Collected data entries:
==================================================
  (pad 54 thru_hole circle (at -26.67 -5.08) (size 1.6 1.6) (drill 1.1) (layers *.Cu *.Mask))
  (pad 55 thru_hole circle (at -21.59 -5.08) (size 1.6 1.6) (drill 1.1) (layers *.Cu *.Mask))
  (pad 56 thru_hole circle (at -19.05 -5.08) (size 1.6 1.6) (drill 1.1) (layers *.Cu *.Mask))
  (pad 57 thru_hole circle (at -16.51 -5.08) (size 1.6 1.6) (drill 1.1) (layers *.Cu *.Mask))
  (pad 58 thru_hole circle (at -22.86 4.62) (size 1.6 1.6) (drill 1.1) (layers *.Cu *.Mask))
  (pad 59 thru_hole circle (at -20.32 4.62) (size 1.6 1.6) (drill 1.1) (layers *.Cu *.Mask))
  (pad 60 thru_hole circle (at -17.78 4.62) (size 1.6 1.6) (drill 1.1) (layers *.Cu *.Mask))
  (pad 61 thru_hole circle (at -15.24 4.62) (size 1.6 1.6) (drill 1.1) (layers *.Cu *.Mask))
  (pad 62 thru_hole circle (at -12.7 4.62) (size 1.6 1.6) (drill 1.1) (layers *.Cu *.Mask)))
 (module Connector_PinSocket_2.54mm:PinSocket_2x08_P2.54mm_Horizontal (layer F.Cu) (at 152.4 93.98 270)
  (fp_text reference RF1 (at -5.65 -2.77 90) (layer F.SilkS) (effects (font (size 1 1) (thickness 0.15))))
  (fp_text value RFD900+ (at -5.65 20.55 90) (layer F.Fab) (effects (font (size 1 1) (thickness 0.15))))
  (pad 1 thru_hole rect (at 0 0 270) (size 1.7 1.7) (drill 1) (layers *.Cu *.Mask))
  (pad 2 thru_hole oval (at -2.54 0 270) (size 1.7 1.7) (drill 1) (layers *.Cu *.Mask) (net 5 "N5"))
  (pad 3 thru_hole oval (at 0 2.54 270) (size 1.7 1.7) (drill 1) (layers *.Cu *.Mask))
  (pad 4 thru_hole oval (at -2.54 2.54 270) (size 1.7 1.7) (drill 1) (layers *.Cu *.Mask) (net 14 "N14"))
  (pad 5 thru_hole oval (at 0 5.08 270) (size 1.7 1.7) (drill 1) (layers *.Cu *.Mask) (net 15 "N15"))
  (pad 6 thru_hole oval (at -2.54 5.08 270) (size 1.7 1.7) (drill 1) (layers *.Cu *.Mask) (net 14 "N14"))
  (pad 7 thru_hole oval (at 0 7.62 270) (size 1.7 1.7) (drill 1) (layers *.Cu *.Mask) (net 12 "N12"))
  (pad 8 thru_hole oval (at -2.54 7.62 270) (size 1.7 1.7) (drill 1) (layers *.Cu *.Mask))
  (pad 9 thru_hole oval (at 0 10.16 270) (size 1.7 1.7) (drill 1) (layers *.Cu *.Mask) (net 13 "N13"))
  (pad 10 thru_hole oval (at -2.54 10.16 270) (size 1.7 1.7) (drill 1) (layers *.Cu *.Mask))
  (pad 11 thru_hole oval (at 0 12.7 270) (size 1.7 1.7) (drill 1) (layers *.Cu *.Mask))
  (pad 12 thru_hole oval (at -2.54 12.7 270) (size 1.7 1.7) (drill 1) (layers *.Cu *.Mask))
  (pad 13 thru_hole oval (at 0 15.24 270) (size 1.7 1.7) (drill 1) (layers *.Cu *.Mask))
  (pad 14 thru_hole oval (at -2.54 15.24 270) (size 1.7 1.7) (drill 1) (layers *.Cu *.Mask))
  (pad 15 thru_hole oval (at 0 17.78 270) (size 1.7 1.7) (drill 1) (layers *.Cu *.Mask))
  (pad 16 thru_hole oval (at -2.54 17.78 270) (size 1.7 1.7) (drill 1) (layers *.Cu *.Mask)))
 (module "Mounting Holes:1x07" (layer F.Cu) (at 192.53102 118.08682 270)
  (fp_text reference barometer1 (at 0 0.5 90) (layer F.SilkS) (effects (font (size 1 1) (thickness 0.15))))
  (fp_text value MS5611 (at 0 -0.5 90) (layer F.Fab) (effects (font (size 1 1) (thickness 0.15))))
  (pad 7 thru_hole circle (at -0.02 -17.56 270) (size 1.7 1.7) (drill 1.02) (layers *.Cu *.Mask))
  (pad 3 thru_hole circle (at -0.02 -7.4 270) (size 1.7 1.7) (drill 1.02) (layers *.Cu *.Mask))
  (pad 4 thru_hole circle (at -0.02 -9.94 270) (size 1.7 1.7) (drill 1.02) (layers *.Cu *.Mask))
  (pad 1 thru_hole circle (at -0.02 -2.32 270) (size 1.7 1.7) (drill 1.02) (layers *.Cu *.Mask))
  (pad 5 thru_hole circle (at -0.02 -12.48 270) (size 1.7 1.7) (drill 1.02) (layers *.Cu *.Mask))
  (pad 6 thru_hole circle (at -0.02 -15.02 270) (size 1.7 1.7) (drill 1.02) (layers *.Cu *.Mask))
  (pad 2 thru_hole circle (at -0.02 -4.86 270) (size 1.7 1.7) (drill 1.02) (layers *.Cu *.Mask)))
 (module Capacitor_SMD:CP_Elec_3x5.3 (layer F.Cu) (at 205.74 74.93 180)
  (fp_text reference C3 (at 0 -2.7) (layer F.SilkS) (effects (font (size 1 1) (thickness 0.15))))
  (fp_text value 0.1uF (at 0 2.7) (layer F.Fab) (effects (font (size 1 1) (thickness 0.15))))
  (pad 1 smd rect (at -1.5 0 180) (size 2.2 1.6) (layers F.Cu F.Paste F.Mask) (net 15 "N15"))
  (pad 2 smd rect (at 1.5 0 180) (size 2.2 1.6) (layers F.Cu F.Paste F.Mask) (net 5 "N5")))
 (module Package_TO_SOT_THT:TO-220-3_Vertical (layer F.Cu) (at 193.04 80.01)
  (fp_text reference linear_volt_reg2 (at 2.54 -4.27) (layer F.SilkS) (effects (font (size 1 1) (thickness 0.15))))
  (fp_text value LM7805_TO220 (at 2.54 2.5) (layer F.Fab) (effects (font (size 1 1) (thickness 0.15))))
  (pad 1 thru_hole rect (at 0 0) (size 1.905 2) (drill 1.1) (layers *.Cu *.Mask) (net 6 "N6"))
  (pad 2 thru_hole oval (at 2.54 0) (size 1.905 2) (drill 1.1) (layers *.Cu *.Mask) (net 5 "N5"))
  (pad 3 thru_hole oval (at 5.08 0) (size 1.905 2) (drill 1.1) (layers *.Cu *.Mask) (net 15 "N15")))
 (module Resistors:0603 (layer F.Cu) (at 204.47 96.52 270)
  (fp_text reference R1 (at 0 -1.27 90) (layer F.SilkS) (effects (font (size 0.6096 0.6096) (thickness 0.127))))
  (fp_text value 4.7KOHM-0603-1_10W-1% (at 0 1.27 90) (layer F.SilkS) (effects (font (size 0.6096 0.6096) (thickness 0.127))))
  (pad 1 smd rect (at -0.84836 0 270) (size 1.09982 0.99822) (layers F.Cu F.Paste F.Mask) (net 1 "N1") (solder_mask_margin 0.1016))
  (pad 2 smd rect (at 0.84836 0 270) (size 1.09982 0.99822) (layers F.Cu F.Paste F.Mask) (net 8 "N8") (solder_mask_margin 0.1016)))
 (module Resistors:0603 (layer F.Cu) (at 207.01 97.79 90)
==================================================
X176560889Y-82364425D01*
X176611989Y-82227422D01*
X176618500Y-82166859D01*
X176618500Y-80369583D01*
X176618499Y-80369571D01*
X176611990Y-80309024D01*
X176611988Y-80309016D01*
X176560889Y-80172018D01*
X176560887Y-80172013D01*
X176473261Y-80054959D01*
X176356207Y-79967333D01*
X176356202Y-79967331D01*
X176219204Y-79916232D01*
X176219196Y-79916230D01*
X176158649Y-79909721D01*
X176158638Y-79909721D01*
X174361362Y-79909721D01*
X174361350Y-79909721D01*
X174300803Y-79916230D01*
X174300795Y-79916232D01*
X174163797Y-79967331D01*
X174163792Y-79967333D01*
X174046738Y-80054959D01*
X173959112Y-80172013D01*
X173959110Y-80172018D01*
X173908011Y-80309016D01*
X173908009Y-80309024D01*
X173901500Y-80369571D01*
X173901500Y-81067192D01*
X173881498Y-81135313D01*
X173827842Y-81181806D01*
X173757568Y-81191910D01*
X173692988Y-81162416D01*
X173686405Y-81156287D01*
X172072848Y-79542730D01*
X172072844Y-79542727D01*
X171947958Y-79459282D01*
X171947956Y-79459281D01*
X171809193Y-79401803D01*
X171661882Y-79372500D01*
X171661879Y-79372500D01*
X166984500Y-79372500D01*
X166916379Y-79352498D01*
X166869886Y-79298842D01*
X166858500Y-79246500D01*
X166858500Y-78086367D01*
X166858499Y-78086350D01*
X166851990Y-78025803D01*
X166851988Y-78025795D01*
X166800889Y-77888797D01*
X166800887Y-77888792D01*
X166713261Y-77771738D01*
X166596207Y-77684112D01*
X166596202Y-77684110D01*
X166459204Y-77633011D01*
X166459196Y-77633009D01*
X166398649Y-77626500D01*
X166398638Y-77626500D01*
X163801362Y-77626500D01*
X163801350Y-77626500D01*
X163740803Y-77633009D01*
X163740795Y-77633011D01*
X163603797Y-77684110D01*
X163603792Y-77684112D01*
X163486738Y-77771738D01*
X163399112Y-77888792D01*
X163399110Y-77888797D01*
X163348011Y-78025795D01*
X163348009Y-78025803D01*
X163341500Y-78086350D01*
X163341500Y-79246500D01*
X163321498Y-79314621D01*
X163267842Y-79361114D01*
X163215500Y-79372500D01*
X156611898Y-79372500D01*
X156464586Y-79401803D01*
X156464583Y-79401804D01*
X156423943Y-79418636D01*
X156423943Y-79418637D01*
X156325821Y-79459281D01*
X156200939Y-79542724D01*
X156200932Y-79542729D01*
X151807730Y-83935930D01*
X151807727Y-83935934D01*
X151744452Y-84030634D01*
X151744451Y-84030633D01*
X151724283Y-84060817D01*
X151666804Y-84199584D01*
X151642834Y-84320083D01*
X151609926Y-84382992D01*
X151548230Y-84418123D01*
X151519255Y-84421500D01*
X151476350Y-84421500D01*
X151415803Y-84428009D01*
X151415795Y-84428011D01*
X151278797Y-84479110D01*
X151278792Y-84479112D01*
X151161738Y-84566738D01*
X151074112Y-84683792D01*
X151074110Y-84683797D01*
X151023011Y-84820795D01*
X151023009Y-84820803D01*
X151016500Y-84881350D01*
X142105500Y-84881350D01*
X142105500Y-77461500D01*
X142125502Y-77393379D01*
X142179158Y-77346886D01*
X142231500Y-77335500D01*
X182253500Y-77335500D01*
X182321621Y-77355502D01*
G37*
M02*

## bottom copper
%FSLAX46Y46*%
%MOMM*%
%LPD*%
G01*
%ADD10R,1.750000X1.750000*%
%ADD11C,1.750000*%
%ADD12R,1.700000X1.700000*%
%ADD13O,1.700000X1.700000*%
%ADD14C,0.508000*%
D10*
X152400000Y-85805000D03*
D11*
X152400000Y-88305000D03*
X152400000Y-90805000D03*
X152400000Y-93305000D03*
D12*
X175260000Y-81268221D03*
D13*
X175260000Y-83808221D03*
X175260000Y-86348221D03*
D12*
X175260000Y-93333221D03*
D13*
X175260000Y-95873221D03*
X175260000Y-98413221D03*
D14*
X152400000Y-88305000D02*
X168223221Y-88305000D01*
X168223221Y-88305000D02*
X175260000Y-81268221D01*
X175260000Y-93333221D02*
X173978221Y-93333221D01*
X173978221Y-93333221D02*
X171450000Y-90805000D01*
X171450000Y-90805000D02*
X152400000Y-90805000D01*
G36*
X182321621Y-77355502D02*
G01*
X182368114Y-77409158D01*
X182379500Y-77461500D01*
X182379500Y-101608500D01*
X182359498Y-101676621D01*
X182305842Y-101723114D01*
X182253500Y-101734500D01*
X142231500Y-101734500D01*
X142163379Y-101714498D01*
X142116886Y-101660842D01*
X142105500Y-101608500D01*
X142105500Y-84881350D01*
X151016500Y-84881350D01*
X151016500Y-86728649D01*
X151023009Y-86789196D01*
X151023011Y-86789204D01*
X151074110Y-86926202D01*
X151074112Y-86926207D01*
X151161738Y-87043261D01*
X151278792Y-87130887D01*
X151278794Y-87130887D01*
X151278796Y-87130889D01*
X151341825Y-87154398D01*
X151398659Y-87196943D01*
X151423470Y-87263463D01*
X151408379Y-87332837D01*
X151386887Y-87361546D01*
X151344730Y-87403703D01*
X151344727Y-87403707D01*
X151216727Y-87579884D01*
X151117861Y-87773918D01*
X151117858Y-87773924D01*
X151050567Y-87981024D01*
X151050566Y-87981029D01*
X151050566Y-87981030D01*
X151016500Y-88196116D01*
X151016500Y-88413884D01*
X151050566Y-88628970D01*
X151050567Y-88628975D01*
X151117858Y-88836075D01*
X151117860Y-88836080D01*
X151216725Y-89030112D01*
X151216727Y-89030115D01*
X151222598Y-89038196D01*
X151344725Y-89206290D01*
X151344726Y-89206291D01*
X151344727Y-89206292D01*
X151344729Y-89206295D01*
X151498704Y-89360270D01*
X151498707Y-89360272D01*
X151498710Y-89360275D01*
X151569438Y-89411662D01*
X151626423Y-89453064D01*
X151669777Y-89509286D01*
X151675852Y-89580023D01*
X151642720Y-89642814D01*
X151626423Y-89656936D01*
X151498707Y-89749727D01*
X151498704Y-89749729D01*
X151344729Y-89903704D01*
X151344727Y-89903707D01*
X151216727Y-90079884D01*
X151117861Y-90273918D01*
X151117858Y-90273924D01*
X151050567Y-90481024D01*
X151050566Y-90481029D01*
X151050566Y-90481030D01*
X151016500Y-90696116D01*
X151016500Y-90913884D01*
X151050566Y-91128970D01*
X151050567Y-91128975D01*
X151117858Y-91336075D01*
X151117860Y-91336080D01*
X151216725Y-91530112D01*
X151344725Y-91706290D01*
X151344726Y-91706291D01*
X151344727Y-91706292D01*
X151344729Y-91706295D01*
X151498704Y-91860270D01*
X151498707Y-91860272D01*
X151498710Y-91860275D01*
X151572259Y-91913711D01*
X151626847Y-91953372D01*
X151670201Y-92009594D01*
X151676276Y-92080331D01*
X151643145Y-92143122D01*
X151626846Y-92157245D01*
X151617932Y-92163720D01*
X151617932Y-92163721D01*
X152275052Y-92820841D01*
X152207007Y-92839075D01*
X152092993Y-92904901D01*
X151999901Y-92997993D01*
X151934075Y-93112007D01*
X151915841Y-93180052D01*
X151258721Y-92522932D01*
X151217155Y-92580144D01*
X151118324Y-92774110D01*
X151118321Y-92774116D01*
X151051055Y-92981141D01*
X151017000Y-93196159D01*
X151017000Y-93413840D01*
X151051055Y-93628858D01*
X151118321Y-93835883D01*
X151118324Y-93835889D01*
==================================================
◆ Problem requirements ◆
Transcribe the lines above between the line holding "(pad 54 thru_hole" and the line holding "(pad 60 thru_hole", inclusive, exactly as they stand and with nothing added.

◆ Exercise output ◆
  (pad 54 thru_hole circle (at -26.67 -5.08) (size 1.6 1.6) (drill 1.1) (layers *.Cu *.Mask))
  (pad 55 thru_hole circle (at -21.59 -5.08) (size 1.6 1.6) (drill 1.1) (layers *.Cu *.Mask))
  (pad 56 thru_hole circle (at -19.05 -5.08) (size 1.6 1.6) (drill 1.1) (layers *.Cu *.Mask))
  (pad 57 thru_hole circle (at -16.51 -5.08) (size 1.6 1.6) (drill 1.1) (layers *.Cu *.Mask))
  (pad 58 thru_hole circle (at -22.86 4.62) (size 1.6 1.6) (drill 1.1) (layers *.Cu *.Mask))
  (pad 59 thru_hole circle (at -20.32 4.62) (size 1.6 1.6) (drill 1.1) (layers *.Cu *.Mask))
  (pad 60 thru_hole circle (at -17.78 4.62) (size 1.6 1.6) (drill 1.1) (layers *.Cu *.Mask))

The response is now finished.